Some are detained in Mexico. The government’s National Migration Institute reported that between Jan. 1 and Jun. 26, 2014, it had “rescued” 10,505 migrant children, who are in the process of being deported back to their countries.

But many more simply disappear in Mexican territory.

“It is an appalling bloodletting. Children aged 13-16 are sent straight into sexual exploitation or slave labour, or they are massacred or disappeared, or become hired killers,” said Pantoja of the Saltillo shelter.

In the United States, the law stipulates that children must be processed within 72 hours of their detention. The solution for most of them is for a relative to legally claim them, or to stay in shelters for a long time. When they reach their 18th birthday they must be deported.

On Jun. 30, Obama announced that his migration reform had met with stalemate in the House of Representatives, dominated by the rightwing opposition Republican Party, and that he would rely on executive action from now on to try to solve the crisis.

But there is no simple solution to the problem. According to the Honduran authorities, 3,000 children have dropped out of school so far this year in order to pursue the “American dream.”

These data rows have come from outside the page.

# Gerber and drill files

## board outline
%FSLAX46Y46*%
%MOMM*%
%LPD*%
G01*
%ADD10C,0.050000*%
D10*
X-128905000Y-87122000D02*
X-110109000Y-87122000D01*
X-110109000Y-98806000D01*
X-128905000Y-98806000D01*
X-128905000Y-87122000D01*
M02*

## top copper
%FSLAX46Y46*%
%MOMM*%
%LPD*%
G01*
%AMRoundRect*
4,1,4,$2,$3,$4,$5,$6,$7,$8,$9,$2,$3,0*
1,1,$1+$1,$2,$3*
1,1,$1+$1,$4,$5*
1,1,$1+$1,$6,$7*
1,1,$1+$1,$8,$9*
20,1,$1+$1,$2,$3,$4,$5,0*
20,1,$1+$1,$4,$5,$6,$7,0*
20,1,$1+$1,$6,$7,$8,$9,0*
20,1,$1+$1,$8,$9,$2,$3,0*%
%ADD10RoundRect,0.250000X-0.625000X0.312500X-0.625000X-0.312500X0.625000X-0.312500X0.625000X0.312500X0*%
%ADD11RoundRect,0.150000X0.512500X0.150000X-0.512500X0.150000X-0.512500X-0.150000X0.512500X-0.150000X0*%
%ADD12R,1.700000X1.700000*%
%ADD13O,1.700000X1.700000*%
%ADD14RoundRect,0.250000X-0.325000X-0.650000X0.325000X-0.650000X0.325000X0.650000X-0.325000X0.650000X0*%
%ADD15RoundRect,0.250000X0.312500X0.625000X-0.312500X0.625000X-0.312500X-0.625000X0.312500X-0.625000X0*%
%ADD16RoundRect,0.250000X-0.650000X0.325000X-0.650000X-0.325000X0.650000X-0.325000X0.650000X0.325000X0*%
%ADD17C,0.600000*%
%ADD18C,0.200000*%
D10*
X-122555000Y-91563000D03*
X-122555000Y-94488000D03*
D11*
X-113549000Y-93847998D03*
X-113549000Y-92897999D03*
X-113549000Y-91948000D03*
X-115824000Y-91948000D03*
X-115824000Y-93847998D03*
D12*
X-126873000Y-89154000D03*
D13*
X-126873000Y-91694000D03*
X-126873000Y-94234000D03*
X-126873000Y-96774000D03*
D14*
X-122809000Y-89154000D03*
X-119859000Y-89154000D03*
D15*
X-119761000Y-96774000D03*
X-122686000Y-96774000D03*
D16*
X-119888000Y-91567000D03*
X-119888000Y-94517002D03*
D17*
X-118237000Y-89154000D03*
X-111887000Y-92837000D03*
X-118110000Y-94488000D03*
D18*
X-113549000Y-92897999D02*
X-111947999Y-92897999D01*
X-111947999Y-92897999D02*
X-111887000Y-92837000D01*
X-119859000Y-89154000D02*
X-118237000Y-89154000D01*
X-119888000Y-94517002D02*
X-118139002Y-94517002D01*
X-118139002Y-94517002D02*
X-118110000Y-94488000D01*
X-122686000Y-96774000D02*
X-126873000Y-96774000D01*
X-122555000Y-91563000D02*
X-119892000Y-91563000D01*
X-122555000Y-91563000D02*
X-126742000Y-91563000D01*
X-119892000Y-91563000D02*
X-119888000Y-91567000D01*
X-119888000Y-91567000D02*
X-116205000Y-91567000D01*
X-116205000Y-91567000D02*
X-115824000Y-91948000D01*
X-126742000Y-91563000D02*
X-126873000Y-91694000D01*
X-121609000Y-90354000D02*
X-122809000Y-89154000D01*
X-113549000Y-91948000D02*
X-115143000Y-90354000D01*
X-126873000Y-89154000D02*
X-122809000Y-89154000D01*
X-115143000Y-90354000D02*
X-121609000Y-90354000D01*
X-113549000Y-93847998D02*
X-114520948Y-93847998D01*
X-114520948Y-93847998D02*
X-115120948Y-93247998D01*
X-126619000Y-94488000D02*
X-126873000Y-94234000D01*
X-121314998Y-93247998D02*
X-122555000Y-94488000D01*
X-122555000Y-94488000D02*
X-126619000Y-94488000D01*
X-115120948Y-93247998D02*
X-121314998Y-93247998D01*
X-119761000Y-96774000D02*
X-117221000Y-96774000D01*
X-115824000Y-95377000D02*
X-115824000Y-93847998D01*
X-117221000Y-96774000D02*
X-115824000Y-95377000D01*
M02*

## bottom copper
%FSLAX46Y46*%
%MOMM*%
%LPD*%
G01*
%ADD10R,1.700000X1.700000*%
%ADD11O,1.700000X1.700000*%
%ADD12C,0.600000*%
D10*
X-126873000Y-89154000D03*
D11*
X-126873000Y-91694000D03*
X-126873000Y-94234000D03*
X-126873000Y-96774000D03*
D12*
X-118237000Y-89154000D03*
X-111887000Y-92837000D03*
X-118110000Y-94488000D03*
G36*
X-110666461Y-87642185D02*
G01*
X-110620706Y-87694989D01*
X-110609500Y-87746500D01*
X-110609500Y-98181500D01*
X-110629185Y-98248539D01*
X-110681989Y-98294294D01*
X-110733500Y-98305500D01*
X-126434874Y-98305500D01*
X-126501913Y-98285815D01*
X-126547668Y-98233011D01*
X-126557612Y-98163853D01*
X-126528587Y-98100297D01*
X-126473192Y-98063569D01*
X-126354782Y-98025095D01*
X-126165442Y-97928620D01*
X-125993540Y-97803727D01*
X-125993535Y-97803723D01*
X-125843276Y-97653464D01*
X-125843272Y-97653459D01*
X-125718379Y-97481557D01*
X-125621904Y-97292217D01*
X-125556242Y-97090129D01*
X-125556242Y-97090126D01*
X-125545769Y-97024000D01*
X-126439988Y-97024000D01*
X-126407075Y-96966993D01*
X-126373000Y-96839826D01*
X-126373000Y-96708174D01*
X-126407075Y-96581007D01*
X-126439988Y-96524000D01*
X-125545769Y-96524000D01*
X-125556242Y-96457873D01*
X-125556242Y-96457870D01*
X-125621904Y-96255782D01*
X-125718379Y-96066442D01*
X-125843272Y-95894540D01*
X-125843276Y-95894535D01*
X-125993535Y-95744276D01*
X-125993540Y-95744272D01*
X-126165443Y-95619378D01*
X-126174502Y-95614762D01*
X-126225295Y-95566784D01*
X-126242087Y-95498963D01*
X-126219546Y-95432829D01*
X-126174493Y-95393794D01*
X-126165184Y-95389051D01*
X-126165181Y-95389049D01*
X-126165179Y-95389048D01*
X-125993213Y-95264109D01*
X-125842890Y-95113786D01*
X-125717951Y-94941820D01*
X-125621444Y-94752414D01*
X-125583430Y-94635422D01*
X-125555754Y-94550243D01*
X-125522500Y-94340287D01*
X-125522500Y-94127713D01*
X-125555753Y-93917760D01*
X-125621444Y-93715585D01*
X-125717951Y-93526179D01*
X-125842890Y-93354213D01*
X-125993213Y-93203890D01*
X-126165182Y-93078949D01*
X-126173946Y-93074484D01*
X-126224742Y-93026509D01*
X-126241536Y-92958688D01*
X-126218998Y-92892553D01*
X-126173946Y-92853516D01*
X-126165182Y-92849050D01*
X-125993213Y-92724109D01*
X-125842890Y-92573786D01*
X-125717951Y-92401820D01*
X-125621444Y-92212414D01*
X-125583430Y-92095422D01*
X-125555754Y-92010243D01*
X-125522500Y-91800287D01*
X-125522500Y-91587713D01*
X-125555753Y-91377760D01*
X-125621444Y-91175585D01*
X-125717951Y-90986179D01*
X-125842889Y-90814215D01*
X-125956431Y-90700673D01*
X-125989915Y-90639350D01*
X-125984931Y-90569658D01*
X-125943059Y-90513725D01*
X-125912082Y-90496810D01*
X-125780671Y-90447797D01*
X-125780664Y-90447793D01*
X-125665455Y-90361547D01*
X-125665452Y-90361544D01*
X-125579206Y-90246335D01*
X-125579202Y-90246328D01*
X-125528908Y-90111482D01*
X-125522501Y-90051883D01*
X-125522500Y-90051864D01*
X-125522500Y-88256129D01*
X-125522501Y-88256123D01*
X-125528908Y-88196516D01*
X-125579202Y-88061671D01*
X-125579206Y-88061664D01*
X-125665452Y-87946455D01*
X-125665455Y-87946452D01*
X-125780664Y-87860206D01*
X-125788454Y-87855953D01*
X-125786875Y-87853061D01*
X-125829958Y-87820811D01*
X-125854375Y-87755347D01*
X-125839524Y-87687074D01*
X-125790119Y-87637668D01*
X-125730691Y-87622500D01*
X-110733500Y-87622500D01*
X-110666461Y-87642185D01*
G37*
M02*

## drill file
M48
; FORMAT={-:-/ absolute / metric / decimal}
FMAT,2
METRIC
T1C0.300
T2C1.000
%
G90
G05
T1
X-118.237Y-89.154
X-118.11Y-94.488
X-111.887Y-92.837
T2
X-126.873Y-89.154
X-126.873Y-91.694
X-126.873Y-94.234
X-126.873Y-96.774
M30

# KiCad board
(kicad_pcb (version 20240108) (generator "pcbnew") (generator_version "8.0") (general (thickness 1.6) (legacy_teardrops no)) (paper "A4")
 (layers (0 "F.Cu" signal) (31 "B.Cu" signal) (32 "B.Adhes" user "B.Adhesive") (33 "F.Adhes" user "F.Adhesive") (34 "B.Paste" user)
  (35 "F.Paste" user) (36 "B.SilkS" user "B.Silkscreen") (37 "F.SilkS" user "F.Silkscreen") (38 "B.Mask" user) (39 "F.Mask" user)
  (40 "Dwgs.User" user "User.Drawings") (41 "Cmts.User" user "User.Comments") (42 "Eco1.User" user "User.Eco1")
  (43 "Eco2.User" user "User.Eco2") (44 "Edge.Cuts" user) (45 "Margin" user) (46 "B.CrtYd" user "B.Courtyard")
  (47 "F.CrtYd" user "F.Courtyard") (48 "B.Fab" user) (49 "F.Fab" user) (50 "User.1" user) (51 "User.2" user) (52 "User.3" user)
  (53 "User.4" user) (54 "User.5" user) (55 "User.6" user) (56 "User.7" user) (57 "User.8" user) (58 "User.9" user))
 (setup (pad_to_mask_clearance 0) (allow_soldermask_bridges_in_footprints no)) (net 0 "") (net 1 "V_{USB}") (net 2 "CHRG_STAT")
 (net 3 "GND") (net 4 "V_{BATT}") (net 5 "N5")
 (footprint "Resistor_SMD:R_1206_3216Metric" (layer "F.Cu") (at -122.555 93.0255 -90)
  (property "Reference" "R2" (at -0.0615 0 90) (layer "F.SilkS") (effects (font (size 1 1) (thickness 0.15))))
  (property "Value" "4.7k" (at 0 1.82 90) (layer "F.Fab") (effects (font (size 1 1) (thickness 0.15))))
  (pad "1" smd roundrect (at -1.4625 0 270) (size 1.125 1.75) (layers "F.Cu" "F.Paste" "F.Mask") (roundrect_rratio 0.222222)
   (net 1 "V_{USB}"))
  (pad "2" smd roundrect (at 1.4625 0 270) (size 1.125 1.75) (layers "F.Cu" "F.Paste" "F.Mask") (roundrect_rratio 0.222222)
   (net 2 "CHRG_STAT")))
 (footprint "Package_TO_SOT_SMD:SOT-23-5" (layer "F.Cu") (at -114.6865 92.897999 180)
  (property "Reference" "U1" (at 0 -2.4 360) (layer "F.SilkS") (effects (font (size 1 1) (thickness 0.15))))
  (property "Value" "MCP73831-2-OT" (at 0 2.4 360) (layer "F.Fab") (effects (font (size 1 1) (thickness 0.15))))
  (pad "1" smd roundrect (at -1.1375 -0.949999 180) (size 1.325 0.6) (layers "F.Cu" "F.Paste" "F.Mask") (roundrect_rratio 0.25)
   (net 2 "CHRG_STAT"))
  (pad "2" smd roundrect (at -1.1375 0 180) (size 1.325 0.6) (layers "F.Cu" "F.Paste" "F.Mask") (roundrect_rratio 0.25) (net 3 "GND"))
  (pad "3" smd roundrect (at -1.1375 0.949999 180) (size 1.325 0.6) (layers "F.Cu" "F.Paste" "F.Mask") (roundrect_rratio 0.25)
   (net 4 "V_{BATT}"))
  (pad "4" smd roundrect (at 1.1375 0.949999 180) (size 1.325 0.6) (layers "F.Cu" "F.Paste" "F.Mask") (roundrect_rratio 0.25)
   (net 1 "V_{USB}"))
  (pad "5" smd roundrect (at 1.1375 -0.949999 180) (size 1.325 0.6) (layers "F.Cu" "F.Paste" "F.Mask") (roundrect_rratio 0.25) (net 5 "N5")))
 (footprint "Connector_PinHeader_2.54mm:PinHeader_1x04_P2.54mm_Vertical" (layer "F.Cu") (at -126.873 89.154)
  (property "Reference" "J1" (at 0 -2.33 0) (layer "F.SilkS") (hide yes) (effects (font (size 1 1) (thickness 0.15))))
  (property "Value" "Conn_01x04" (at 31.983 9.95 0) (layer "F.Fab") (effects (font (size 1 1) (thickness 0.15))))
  (pad "1" thru_hole rect (at 0 0) (size 1.7 1.7) (drill 1) (layers "*.Cu" "*.Mask") (remove_unused_layers no) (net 4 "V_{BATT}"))
  (pad "2" thru_hole oval (at 0 2.54) (size 1.7 1.7) (drill 1) (layers "*.Cu" "*.Mask") (remove_unused_layers no) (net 1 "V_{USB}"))
  (pad "3" thru_hole oval (at 0 5.08) (size 1.7 1.7) (drill 1) (layers "*.Cu" "*.Mask") (remove_unused_layers no) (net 2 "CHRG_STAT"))
  (pad "4" thru_hole oval (at 0 7.62) (size 1.7 1.7) (drill 1) (layers "*.Cu" "*.Mask") (remove_unused_layers no) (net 3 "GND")))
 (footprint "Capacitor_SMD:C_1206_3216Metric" (layer "F.Cu") (at -121.334 89.154)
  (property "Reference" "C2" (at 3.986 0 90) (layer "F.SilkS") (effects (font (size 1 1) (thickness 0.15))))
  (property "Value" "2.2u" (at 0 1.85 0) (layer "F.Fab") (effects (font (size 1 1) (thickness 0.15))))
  (pad "1" smd roundrect (at -1.475 0) (size 1.15 1.8) (layers "F.Cu" "F.Paste" "F.Mask") (roundrect_rratio 0.217391) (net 4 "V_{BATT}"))
  (pad "2" smd roundrect (at 1.475 0) (size 1.15 1.8) (layers "F.Cu" "F.Paste" "F.Mask") (roundrect_rratio 0.217391) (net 3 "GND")))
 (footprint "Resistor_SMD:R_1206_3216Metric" (layer "F.Cu") (at -121.2235 96.774 180)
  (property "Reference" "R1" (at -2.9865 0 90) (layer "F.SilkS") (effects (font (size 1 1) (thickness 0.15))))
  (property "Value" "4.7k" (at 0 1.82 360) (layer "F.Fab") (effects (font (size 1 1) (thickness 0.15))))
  (pad "1" smd roundrect (at -1.4625 0 180) (size 1.125 1.75) (layers "F.Cu" "F.Paste" "F.Mask") (roundrect_rratio 0.222222) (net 5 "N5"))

“In Garifuna communities on the north coast of the country, many children are dropping out of classes because they are leaving the country with their parents or private persons, en route to the United States,” Honduran newspaper La Tribuna said on Jun. 28.

“The rumour spread like wildfire, and now there seems to be no stopping it,” said Guadalupe González at the Irapuato shelter, while two young Honduran women walk away, convinced that if they get to the border, all they have to do is say they are underage in order to get across it.